(Stored items)

══════

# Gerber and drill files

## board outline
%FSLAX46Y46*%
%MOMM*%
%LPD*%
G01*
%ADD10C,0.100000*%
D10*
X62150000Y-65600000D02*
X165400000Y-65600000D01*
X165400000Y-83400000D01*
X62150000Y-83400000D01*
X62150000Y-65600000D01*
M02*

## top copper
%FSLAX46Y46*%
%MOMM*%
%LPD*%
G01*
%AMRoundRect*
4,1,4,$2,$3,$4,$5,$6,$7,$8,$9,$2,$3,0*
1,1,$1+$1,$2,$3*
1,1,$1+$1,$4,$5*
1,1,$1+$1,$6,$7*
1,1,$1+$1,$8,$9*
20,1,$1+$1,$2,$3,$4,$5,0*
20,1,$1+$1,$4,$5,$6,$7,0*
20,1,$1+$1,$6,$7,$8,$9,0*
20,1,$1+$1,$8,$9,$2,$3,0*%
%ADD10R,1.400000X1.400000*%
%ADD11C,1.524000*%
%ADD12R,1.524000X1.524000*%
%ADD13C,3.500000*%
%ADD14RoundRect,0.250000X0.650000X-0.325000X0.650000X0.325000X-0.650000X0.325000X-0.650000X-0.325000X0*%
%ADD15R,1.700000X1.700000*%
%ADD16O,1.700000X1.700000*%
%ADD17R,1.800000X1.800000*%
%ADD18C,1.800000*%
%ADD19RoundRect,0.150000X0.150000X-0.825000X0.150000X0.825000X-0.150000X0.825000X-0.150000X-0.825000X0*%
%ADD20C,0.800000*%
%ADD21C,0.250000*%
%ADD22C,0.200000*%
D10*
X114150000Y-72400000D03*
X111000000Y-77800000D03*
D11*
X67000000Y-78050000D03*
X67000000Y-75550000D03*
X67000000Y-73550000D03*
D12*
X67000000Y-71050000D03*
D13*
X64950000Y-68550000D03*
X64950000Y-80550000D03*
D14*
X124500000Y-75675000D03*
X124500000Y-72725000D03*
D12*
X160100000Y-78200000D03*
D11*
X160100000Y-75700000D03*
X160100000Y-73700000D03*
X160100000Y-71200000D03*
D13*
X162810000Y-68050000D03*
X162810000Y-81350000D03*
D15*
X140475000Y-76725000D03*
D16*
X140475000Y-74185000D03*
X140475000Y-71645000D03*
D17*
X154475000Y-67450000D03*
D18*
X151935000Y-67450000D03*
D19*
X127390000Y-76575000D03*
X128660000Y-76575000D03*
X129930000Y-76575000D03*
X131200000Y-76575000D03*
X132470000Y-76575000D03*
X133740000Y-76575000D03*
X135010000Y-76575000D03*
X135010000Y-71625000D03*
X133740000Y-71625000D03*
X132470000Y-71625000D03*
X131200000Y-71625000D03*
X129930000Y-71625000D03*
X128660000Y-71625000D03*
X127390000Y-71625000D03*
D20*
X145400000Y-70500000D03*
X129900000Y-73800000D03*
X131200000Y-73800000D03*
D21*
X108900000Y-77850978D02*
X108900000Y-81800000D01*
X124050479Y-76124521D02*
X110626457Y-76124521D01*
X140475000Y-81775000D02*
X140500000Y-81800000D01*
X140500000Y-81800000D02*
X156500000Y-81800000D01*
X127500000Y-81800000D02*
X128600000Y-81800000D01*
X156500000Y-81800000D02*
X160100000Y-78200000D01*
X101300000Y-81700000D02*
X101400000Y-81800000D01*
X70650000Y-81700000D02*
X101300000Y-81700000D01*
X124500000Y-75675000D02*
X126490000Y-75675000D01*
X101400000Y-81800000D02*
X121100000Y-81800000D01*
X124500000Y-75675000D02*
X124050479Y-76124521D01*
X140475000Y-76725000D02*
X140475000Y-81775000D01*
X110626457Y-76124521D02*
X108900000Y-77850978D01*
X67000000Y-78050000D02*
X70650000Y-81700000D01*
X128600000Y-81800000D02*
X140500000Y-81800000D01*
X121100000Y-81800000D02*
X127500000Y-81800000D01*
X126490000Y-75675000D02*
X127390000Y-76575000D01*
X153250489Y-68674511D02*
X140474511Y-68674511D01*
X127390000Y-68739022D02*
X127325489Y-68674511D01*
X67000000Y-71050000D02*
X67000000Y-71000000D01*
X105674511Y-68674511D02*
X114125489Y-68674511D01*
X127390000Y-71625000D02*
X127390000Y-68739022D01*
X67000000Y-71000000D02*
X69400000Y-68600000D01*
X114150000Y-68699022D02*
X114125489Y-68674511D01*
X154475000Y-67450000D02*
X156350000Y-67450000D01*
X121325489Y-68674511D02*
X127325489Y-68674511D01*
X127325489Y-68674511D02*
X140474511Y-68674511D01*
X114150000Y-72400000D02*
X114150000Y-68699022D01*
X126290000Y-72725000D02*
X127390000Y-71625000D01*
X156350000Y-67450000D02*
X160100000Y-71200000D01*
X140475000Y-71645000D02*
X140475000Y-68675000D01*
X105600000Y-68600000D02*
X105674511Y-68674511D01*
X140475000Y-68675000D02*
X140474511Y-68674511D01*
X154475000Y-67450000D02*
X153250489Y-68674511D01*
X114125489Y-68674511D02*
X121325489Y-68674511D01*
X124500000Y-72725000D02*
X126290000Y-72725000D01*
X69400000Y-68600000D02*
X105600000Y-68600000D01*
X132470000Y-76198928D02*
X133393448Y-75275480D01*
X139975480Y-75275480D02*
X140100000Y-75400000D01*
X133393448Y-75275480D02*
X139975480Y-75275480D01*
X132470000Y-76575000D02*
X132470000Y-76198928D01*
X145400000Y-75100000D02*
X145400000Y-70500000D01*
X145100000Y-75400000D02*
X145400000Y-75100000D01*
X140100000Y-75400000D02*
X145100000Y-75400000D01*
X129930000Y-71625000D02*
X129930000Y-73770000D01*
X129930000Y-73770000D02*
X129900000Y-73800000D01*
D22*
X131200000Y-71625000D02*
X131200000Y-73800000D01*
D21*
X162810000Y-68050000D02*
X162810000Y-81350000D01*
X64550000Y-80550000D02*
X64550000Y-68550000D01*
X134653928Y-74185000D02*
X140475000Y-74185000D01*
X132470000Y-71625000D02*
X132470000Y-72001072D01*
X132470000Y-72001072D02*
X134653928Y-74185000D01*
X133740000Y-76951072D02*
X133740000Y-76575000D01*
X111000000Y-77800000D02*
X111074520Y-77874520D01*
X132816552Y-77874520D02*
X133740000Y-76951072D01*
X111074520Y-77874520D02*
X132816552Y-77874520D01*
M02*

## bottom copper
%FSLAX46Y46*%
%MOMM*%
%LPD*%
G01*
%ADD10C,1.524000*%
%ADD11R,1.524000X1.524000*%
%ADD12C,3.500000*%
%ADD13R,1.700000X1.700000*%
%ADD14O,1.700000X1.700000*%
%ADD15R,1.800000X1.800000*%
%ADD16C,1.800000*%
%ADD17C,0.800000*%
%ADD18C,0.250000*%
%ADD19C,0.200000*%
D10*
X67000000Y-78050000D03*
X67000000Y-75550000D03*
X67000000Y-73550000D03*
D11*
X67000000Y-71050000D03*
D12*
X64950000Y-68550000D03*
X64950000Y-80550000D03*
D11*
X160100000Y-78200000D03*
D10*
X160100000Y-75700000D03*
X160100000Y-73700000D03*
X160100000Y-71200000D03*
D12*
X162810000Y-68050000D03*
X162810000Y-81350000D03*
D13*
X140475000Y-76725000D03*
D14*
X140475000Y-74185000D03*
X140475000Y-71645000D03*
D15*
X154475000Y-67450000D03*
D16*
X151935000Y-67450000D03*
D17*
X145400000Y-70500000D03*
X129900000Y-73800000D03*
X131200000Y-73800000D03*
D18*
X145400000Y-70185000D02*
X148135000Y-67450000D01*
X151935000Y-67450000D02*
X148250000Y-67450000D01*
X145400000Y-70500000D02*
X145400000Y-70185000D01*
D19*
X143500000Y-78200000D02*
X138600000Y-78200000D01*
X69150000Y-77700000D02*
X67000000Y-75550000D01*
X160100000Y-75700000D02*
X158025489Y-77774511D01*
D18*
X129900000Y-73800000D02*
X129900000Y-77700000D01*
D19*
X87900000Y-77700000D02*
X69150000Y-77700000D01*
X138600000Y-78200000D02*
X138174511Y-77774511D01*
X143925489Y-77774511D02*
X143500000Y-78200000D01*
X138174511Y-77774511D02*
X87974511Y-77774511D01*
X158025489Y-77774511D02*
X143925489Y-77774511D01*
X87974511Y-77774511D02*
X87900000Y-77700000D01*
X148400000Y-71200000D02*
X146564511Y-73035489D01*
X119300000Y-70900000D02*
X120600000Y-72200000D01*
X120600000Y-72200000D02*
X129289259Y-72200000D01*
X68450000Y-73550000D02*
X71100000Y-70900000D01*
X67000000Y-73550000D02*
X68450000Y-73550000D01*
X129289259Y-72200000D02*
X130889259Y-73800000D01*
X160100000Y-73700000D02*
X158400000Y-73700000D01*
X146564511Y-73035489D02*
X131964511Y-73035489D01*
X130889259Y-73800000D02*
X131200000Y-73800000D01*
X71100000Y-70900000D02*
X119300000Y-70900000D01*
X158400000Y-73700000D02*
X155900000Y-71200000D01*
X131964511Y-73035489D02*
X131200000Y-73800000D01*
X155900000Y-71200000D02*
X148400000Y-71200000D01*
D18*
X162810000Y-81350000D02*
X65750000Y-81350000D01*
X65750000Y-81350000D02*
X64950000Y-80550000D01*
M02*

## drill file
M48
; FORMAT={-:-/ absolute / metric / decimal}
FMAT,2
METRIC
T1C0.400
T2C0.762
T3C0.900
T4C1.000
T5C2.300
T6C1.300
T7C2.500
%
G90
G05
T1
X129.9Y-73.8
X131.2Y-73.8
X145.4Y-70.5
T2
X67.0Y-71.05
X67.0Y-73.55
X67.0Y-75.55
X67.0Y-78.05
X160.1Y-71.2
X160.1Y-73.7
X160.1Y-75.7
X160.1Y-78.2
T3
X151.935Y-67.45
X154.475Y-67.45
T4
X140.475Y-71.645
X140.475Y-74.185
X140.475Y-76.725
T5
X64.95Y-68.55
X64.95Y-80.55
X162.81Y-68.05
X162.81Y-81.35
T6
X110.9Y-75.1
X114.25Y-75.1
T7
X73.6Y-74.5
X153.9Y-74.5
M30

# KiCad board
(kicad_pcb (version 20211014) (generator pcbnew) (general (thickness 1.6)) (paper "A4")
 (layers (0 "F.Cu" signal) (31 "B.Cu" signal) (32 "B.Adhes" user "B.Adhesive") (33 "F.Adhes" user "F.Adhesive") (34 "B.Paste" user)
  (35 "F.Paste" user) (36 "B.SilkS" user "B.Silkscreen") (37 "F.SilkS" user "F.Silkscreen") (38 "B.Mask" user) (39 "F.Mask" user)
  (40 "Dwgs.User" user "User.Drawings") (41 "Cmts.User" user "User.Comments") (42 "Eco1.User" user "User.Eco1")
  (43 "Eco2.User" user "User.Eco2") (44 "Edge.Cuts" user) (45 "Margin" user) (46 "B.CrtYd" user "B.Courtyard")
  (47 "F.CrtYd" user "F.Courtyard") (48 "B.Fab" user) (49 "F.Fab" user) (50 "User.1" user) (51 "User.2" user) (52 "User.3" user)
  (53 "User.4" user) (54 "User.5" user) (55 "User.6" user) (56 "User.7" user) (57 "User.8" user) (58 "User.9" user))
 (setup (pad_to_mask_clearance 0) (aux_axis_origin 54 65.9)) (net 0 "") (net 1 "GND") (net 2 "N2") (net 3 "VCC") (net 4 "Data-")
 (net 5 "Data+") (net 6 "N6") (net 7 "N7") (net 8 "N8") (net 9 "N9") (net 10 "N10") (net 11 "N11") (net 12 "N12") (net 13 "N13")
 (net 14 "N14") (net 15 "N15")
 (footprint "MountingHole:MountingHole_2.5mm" (layer "F.Cu") (at 153.9 74.5)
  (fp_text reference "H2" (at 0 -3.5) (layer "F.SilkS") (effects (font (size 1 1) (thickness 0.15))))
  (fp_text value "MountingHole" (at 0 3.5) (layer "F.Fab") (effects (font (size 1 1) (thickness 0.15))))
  (pad "" np_thru_hole circle (at 0 0) (size 2.5 2.5) (drill 2.5) (layers *.Cu *.Mask)))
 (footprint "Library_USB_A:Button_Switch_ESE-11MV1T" (layer "F.Cu") (at 112.7 75.1 180)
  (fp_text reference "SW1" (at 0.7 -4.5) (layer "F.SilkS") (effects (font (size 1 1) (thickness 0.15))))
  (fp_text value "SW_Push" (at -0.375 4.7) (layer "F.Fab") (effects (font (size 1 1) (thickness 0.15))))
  (pad "" np_thru_hole circle (at -1.55 0 90) (size 1.3 1.3) (drill 1.3) (layers F&B.Cu *.Mask))
  (pad "" np_thru_hole circle (at 1.8 0 90) (size 1.3 1.3) (drill 1.3) (layers F&B.Cu *.Mask))
  (pad "1" smd rect (at -1.45 2.7 90) (size 1.4 1.4) (layers "F.Cu" "F.Paste" "F.Mask") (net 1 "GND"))
  (pad "2" smd rect (at 1.7 -2.7 90) (size 1.4 1.4) (layers "F.Cu" "F.Paste" "F.Mask") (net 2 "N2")))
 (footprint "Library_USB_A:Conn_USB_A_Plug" (layer "F.Cu") (at 67.05 74.55 -90)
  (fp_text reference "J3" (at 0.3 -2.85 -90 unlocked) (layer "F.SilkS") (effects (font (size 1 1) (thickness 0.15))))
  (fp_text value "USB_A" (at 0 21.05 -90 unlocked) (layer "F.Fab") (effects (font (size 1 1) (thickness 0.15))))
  (pad "1" thru_hole circle (at 3.5 0.05 270) (size 1.524 1.524) (drill 0.762) (layers *.Cu *.Mask) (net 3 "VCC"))
  (pad "2" thru_hole circle (at 1 0.05 270) (size 1.524 1.524) (drill 0.762) (layers *.Cu *.Mask) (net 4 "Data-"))
  (pad "3" thru_hole circle (at -1 0.05 270) (size 1.524 1.524) (drill 0.762) (layers *.Cu *.Mask) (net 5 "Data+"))
  (pad "4" thru_hole rect (at -3.5 0.05 270) (size 1.524 1.524) (drill 0.762) (layers *.Cu *.Mask) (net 1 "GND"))
  (pad "5" thru_hole circle (at -6 2.1 270) (size 3.5 3.5) (drill 2.3) (layers *.Cu *.Mask) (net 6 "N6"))
  (pad "5" thru_hole circle (at 6 2.1 270) (size 3.5 3.5) (drill 2.3) (layers *.Cu *.Mask) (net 6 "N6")))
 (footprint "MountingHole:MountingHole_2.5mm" (layer "F.Cu") (at 73.6 74.5)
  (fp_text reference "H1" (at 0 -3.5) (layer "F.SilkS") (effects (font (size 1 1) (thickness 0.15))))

══════

### Activity
When a line of the records holds the word "user", copy that line.

### Solution to this task
 (layers (0 "F.Cu" signal) (31 "B.Cu" signal) (32 "B.Adhes" user "B.Adhesive") (33 "F.Adhes" user "F.Adhesive") (34 "B.Paste" user)
  (35 "F.Paste" user) (36 "B.SilkS" user "B.Silkscreen") (37 "F.SilkS" user "F.Silkscreen") (38 "B.Mask" user) (39 "F.Mask" user)
  (40 "Dwgs.User" user "User.Drawings") (41 "Cmts.User" user "User.Comments") (42 "Eco1.User" user "User.Eco1")
  (43 "Eco2.User" user "User.Eco2") (44 "Edge.Cuts" user) (45 "Margin" user) (46 "B.CrtYd" user "B.Courtyard")
  (47 "F.CrtYd" user "F.Courtyard") (48 "B.Fab" user) (49 "F.Fab" user) (50 "User.1" user) (51 "User.2" user) (52 "User.3" user)
  (53 "User.4" user) (54 "User.5" user) (55 "User.6" user) (56 "User.7" user) (57 "User.8" user) (58 "User.9" user))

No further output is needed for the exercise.